On the LEFT is the photograph of the glass plate that inspired my logo. © And on the RIGHT is the metal stamp that I purchased over a decade ago, L-O-N-G before Mario made the plate and/or murrine, long before I had my own business, the name of my business, the name of my book, a logo, a website, you name it. Hidden under a pile of random stuff, in a random box, on a random lockdown day (I don’t even know what day it is anymore. Maybe that’s a good thing?), somehow or another this object has resurrected. Initially, I thought it was a special tool that comes with IKEA purchases. Then I looked closely. And then I freaked out. I was amazed (and shocked) at the similarities. Take a good look at the three different murrine.
Do you see the second circle of murrine? Do you see what I see? How can this be????
I’m not a believer in coincidences. Everything happens for a reason. “Coincidence is God’s way of remaining anonymous,” says Albert Einstein. I thank God and the Divine Universe for sending me this “Message of Love” (song by The Pretenders, 1981). I love it when I receive messages from the heavens…or call it what you will . . . a Divine Energy, but I’ve received many of these messages and signal graces during my life and this is one of them. (Remind me to tell you about the praying mantis.) For whatever reason, I seem to attract this energy and it’s always a good sign.
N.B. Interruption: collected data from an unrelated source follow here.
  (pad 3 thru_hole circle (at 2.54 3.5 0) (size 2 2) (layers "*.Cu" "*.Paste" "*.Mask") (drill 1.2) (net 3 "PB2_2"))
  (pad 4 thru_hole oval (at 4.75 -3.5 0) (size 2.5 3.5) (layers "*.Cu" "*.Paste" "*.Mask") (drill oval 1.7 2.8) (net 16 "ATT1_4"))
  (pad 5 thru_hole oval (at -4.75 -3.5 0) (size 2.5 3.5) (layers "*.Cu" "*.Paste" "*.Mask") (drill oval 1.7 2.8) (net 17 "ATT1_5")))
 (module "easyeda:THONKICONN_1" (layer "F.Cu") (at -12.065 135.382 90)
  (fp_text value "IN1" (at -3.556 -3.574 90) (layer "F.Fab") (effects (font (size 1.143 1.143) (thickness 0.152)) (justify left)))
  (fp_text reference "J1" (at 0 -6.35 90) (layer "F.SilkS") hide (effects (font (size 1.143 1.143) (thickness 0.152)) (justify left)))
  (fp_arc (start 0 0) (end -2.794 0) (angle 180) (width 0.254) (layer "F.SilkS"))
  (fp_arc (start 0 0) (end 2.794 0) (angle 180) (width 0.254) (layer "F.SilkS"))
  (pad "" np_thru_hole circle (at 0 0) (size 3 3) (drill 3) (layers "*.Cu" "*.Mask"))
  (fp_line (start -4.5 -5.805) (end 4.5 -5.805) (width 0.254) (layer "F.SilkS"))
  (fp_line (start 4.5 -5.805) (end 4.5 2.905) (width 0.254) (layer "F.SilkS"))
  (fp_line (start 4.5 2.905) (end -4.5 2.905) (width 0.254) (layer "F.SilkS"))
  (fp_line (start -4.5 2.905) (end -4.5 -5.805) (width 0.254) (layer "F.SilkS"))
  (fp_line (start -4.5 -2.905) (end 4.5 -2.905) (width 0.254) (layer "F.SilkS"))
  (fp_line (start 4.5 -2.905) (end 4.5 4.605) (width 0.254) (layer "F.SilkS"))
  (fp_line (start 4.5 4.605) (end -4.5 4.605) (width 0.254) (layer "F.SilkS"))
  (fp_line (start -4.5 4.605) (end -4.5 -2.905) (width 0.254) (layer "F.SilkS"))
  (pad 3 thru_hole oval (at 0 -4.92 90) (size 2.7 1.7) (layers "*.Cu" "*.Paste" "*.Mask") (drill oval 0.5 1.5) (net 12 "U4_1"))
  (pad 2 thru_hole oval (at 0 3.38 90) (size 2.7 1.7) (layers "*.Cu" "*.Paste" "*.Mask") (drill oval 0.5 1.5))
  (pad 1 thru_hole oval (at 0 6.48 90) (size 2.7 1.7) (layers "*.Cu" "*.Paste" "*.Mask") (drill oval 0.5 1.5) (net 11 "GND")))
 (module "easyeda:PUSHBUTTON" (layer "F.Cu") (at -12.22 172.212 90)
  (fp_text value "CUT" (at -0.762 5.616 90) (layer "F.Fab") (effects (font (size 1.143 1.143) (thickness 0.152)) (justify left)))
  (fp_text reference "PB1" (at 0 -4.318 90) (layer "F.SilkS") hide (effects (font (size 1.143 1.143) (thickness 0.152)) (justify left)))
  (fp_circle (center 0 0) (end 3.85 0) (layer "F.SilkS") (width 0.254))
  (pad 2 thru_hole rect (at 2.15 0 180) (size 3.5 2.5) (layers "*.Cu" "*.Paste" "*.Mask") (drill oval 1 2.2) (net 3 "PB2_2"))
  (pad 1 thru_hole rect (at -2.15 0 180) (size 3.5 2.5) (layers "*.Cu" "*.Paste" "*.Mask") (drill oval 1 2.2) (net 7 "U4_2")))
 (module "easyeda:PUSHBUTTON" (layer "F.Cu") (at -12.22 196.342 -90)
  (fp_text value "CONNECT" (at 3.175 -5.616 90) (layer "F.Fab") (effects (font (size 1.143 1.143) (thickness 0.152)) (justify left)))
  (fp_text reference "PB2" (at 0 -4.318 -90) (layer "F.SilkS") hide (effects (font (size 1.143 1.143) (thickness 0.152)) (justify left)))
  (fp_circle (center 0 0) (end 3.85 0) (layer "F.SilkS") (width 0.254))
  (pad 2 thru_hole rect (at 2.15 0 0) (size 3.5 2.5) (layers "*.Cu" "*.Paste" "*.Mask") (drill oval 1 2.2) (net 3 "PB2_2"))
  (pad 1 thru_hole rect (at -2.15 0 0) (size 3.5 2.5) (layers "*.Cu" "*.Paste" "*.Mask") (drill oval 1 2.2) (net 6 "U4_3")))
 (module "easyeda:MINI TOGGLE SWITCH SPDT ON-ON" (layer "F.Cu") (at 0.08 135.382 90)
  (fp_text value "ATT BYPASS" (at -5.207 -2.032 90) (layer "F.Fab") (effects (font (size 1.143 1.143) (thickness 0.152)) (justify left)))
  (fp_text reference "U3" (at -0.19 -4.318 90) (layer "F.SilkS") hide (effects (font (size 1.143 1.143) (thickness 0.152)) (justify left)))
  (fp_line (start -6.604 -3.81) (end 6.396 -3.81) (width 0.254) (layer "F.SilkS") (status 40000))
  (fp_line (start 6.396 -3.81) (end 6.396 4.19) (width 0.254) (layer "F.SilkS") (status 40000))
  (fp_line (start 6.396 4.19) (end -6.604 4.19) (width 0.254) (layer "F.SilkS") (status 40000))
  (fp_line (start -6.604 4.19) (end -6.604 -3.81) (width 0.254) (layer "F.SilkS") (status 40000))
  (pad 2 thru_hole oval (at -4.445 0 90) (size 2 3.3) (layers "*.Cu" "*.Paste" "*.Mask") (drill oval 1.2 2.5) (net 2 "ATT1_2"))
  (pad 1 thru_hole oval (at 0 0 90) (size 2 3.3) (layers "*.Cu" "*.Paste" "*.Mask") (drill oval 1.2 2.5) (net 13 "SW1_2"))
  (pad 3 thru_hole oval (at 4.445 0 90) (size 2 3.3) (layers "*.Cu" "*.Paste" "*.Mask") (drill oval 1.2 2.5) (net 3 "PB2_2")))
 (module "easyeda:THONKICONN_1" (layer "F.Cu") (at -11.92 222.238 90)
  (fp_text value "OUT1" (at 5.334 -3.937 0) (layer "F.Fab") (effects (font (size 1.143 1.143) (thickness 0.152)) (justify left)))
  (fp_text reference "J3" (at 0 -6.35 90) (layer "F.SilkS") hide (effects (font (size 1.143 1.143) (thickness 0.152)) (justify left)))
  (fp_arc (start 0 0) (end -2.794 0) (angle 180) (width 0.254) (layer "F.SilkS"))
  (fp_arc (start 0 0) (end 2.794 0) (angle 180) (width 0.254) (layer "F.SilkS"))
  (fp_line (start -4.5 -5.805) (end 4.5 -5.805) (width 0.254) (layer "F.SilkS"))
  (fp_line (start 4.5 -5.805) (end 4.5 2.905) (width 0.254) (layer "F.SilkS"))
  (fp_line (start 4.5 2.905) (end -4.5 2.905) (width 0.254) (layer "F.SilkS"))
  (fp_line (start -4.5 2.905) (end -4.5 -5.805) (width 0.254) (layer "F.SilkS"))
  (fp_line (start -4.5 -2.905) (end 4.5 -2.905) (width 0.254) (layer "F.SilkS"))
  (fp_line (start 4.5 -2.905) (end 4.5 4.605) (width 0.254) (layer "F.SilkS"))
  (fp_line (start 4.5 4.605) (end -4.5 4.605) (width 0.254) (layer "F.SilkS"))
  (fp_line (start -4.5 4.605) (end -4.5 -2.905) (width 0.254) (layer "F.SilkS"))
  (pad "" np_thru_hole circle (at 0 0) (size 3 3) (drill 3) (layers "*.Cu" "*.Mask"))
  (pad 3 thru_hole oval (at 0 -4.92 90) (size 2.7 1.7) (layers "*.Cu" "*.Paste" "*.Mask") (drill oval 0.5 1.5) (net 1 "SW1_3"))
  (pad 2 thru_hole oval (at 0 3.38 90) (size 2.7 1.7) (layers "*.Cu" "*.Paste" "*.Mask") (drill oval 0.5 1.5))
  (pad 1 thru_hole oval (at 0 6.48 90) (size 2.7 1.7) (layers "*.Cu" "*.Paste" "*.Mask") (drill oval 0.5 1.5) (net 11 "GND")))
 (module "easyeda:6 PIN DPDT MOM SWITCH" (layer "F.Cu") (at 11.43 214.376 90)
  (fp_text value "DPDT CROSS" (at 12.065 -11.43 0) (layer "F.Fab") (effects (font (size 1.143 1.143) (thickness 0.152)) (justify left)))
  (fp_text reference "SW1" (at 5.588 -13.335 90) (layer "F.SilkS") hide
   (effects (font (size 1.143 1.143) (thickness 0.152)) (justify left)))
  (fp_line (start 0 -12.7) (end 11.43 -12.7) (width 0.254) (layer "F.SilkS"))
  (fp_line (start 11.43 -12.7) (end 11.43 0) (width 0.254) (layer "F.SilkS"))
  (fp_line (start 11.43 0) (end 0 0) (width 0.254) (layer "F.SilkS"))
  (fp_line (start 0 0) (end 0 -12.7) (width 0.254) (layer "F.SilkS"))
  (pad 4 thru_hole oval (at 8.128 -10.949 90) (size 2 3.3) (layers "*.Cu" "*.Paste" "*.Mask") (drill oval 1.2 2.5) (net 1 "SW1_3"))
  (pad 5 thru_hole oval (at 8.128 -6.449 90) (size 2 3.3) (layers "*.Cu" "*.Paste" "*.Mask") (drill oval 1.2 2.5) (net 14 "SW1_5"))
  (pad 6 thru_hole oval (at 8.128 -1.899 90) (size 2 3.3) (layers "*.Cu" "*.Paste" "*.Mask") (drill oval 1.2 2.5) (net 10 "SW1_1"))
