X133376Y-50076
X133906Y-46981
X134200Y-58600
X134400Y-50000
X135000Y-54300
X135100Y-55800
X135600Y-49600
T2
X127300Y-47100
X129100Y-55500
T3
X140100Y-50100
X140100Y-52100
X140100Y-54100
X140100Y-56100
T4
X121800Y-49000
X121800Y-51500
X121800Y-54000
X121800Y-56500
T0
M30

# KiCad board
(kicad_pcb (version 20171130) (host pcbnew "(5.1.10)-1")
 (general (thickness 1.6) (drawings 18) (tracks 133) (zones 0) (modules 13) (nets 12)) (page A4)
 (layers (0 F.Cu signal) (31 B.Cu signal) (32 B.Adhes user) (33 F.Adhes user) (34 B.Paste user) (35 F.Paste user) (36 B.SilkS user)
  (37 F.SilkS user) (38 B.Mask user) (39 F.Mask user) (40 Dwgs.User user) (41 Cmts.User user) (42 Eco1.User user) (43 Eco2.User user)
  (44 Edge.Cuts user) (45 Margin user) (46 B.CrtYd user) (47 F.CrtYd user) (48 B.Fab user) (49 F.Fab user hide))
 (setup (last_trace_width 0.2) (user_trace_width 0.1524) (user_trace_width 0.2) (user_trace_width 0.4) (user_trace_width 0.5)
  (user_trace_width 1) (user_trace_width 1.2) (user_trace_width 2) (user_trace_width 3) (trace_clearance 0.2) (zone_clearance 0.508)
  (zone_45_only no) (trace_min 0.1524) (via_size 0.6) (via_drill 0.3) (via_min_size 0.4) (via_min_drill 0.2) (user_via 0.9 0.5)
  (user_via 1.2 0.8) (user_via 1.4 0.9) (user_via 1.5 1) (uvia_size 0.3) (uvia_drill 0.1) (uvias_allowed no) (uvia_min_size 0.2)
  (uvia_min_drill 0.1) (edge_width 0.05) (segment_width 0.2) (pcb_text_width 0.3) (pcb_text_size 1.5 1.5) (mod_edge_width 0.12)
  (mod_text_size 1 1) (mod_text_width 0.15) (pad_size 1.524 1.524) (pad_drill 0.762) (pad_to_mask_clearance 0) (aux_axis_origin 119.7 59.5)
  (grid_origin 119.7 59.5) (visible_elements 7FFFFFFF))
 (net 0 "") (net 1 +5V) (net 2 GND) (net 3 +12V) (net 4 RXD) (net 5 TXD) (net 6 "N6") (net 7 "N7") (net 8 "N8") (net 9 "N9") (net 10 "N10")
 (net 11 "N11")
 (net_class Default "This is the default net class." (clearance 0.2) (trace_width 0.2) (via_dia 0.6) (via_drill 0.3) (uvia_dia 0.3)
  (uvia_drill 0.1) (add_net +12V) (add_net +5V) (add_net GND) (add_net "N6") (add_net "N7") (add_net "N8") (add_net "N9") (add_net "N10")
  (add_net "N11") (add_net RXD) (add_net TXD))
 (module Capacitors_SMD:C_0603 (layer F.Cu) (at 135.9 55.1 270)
What does it tell me? I like to consider this “coincidence” as a post-it note from God. It lets me know of His presence; He’s closer to me than I realize. I’m where I’m supposed to be. Everything is going to be fine. “I’ve got this!”
I’m not a mother so I’ll never know the bond between a mother and her child. Have I lost out on something? Probably so. Yet just as God has chosen these women to be mothers, I truly believe God has chosen me, and many women, not to be mothers. If I truly believe that God’s plan is Divine and was prepared for me before I was born, then I’m exactly where I’m supposed to be. Not all of us are destined to be married, to have children, to have 9-5 jobs, etc. God is creative and perfect in His assortment of “characters”; we’re all here equally to fulfill His perfect plan.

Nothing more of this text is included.